PODEMOS SIM SAIR DAS TREVAS - Ignácio de Loyola Brandão


Caro Sidarta Ribeiro, nem imagina como foi bom participar de uma live com você. Há instantes em nossa vida em que, se estivermos abertos, descobrimos que algo se passou e continuamos a viver um pouco diferentes. Ao longo da vida, criamos cracas, assim como as antigas caravelas viviam cheias delas agarradas ao casco e que diminuem a velocidade na navegação. É preciso limpeza de tempos em tempos. Você, de cara, me conquistou ao contar que meu romance Não Verás País Nenhum te abalou aos 12 anos. Pronto, me entreguei. Conversar contigo durante hora e meia, na live promovida pelo Fernando Quintino e pelo Daniel Brandão, meu filho, foi um upgrade para mim.

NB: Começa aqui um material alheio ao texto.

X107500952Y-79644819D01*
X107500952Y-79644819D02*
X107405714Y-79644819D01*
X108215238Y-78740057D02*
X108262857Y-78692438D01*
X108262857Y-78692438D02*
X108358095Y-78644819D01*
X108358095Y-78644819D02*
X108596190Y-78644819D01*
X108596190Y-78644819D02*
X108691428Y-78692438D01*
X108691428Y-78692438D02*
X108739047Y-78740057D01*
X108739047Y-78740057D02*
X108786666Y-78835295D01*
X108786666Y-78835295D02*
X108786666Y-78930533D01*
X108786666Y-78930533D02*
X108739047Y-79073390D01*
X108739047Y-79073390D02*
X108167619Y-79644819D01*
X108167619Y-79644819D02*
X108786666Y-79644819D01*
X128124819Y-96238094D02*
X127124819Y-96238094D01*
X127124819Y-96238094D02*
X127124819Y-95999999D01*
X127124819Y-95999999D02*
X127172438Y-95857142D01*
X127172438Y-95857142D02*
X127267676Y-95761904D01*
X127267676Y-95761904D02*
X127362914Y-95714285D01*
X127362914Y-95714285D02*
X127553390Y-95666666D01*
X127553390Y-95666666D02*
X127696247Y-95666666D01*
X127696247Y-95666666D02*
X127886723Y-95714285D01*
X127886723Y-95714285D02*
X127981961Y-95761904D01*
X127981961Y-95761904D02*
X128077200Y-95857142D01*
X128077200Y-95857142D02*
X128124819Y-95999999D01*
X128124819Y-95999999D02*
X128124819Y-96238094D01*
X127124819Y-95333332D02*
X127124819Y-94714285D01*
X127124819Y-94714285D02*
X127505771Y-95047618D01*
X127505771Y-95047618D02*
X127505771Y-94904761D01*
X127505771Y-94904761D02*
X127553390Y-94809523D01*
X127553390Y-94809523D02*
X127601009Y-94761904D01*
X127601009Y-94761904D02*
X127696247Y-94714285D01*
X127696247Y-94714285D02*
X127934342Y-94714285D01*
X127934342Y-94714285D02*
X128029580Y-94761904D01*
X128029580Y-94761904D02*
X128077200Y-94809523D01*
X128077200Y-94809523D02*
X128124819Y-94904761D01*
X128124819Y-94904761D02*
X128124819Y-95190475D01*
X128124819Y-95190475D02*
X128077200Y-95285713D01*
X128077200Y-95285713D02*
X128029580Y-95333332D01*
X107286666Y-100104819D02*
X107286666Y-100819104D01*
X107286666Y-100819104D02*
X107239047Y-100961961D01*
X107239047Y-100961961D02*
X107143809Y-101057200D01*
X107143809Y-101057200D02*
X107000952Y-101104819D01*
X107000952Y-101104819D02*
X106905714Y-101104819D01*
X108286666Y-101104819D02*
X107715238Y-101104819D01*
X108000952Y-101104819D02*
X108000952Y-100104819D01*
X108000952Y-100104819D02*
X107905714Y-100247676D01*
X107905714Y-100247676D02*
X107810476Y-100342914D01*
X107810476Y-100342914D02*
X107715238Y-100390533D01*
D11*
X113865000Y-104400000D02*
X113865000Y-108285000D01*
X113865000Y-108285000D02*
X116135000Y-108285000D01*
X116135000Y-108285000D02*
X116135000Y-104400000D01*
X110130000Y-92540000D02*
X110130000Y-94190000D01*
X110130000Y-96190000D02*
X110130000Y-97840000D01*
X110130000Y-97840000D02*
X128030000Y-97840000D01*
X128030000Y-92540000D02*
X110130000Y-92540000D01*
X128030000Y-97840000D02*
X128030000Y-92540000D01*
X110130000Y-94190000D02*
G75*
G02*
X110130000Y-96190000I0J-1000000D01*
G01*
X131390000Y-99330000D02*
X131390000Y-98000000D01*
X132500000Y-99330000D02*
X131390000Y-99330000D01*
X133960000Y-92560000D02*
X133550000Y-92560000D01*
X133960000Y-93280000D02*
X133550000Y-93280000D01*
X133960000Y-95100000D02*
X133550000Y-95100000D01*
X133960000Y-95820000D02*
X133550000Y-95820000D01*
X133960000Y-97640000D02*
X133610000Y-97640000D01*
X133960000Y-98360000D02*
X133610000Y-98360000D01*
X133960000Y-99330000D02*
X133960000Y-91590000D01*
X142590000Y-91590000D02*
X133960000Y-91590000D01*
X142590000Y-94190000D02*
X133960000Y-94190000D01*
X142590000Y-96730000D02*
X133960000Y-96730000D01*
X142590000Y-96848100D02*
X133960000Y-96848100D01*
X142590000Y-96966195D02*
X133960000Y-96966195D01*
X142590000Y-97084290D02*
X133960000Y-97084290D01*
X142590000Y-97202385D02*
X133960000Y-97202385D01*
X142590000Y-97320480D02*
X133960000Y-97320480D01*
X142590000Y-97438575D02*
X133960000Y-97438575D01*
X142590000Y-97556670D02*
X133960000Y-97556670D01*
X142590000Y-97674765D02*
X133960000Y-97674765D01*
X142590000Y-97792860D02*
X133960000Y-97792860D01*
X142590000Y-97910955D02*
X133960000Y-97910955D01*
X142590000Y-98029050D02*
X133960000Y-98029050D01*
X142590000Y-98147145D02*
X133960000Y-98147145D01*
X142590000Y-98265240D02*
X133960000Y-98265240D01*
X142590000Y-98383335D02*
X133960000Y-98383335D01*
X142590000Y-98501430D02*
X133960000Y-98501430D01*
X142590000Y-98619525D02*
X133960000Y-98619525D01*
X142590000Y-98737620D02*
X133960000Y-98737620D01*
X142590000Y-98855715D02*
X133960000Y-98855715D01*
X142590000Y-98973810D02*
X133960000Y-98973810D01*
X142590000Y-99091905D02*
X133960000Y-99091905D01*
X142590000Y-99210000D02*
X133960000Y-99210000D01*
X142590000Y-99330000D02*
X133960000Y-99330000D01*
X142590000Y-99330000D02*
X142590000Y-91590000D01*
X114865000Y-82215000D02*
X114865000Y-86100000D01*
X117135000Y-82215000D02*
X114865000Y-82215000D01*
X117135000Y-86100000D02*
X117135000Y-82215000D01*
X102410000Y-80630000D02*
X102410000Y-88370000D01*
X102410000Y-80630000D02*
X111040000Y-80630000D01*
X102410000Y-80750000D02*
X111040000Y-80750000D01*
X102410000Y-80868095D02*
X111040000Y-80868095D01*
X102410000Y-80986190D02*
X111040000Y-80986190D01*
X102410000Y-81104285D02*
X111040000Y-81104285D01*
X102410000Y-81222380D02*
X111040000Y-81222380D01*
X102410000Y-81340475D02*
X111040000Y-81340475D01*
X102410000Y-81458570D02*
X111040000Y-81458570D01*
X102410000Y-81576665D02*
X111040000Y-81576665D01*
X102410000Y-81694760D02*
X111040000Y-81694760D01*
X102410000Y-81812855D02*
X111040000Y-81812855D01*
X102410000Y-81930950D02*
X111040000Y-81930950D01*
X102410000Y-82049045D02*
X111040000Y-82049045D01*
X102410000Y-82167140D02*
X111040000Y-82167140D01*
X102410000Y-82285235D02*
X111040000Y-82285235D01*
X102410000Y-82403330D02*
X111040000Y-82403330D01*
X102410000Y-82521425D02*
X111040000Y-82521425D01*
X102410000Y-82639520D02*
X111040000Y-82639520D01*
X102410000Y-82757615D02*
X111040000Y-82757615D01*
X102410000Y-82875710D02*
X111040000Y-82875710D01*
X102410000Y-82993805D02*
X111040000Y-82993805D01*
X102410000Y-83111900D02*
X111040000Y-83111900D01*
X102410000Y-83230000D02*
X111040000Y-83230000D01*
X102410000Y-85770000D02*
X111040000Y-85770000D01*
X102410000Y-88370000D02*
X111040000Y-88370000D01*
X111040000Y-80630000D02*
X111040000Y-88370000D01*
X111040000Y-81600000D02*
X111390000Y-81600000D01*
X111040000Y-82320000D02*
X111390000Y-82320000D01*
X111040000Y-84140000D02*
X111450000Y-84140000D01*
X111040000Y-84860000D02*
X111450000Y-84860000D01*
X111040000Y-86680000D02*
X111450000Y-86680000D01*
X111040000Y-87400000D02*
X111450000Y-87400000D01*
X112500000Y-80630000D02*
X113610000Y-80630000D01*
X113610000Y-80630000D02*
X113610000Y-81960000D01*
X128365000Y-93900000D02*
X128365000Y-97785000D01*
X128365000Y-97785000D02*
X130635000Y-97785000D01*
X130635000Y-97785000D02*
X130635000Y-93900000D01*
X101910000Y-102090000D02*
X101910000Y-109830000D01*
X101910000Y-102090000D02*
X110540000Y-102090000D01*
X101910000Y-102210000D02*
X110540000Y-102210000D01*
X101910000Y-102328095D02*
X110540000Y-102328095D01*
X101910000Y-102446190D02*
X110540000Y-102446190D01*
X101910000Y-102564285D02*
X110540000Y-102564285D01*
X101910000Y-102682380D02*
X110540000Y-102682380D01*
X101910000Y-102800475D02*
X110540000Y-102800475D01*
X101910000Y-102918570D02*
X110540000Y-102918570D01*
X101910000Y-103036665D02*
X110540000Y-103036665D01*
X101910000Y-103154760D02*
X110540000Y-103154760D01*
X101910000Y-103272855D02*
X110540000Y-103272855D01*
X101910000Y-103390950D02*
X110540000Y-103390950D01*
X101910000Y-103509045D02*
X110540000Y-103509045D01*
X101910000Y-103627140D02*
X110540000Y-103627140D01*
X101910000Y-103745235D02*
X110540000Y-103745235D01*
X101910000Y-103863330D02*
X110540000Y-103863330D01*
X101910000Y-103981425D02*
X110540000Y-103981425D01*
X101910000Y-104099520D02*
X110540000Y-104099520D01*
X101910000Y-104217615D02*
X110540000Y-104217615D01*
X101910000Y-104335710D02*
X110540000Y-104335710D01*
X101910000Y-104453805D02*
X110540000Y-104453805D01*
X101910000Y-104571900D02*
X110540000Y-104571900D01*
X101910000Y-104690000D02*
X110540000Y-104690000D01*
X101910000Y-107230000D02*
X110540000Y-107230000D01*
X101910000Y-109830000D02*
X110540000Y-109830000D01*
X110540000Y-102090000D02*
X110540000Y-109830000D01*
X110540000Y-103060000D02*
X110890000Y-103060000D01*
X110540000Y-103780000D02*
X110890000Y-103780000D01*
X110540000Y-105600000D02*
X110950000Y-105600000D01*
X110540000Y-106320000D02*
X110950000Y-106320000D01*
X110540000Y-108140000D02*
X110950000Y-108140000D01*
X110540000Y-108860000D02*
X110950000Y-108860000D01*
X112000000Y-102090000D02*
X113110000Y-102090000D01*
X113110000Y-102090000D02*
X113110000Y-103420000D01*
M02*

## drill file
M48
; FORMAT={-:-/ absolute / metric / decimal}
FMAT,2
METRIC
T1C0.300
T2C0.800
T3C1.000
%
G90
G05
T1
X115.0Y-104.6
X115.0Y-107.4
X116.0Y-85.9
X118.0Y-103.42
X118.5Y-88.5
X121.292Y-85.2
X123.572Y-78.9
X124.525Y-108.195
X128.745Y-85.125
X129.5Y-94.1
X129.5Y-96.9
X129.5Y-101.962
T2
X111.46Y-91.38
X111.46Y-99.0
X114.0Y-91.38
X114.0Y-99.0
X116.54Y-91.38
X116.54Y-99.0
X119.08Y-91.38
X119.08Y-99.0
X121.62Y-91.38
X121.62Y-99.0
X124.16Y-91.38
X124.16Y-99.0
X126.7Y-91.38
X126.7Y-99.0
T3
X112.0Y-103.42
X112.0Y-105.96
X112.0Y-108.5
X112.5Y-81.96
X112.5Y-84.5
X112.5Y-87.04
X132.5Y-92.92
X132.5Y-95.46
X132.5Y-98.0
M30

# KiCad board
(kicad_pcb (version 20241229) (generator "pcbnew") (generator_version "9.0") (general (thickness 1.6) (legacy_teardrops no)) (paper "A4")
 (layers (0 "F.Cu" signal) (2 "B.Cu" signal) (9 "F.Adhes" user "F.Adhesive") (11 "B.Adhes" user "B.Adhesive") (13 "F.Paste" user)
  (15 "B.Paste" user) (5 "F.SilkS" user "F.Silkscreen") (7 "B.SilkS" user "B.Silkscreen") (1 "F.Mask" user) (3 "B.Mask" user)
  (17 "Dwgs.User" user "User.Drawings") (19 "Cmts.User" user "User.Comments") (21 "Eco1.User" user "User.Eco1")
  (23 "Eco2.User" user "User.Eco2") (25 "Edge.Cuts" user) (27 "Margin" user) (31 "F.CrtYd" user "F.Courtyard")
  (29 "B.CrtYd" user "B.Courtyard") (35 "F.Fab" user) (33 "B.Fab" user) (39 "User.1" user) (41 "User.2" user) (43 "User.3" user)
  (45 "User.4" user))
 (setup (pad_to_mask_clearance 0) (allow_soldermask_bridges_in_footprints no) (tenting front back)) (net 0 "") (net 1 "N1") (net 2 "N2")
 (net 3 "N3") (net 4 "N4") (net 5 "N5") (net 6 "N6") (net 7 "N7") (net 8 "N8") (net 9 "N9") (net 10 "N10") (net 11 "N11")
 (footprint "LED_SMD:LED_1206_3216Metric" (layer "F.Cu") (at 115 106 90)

Sabia quem você era quando me convidaram, te vi no Roda Viva, um dos melhores dos últimos anos. Minha falha foi ainda não ter lido seu livro O Oráculo da Noite, mas já encomendei. Mas veja que curioso. Tenho 83 anos e você 49. Portanto 34 anos nos separam, o que é bastante nestes tempos em que tudo gira em velocidade. Durante nossa conversa deveria ter dito uma coisa, não disse. Mas teríamos tido mais assunto. Quando você nasceu em 1971 eu tinha 35 anos e começava a preparar a edição brasileira da revista Planeta, cujos direitos Luis Carta tinha comprado da França. A Planète foi criação de Louis Pauwels e Jacques Bergier, que criaram o realismo fantástico em um livro que viralizou no mundo, O Despertar dos Mágicos.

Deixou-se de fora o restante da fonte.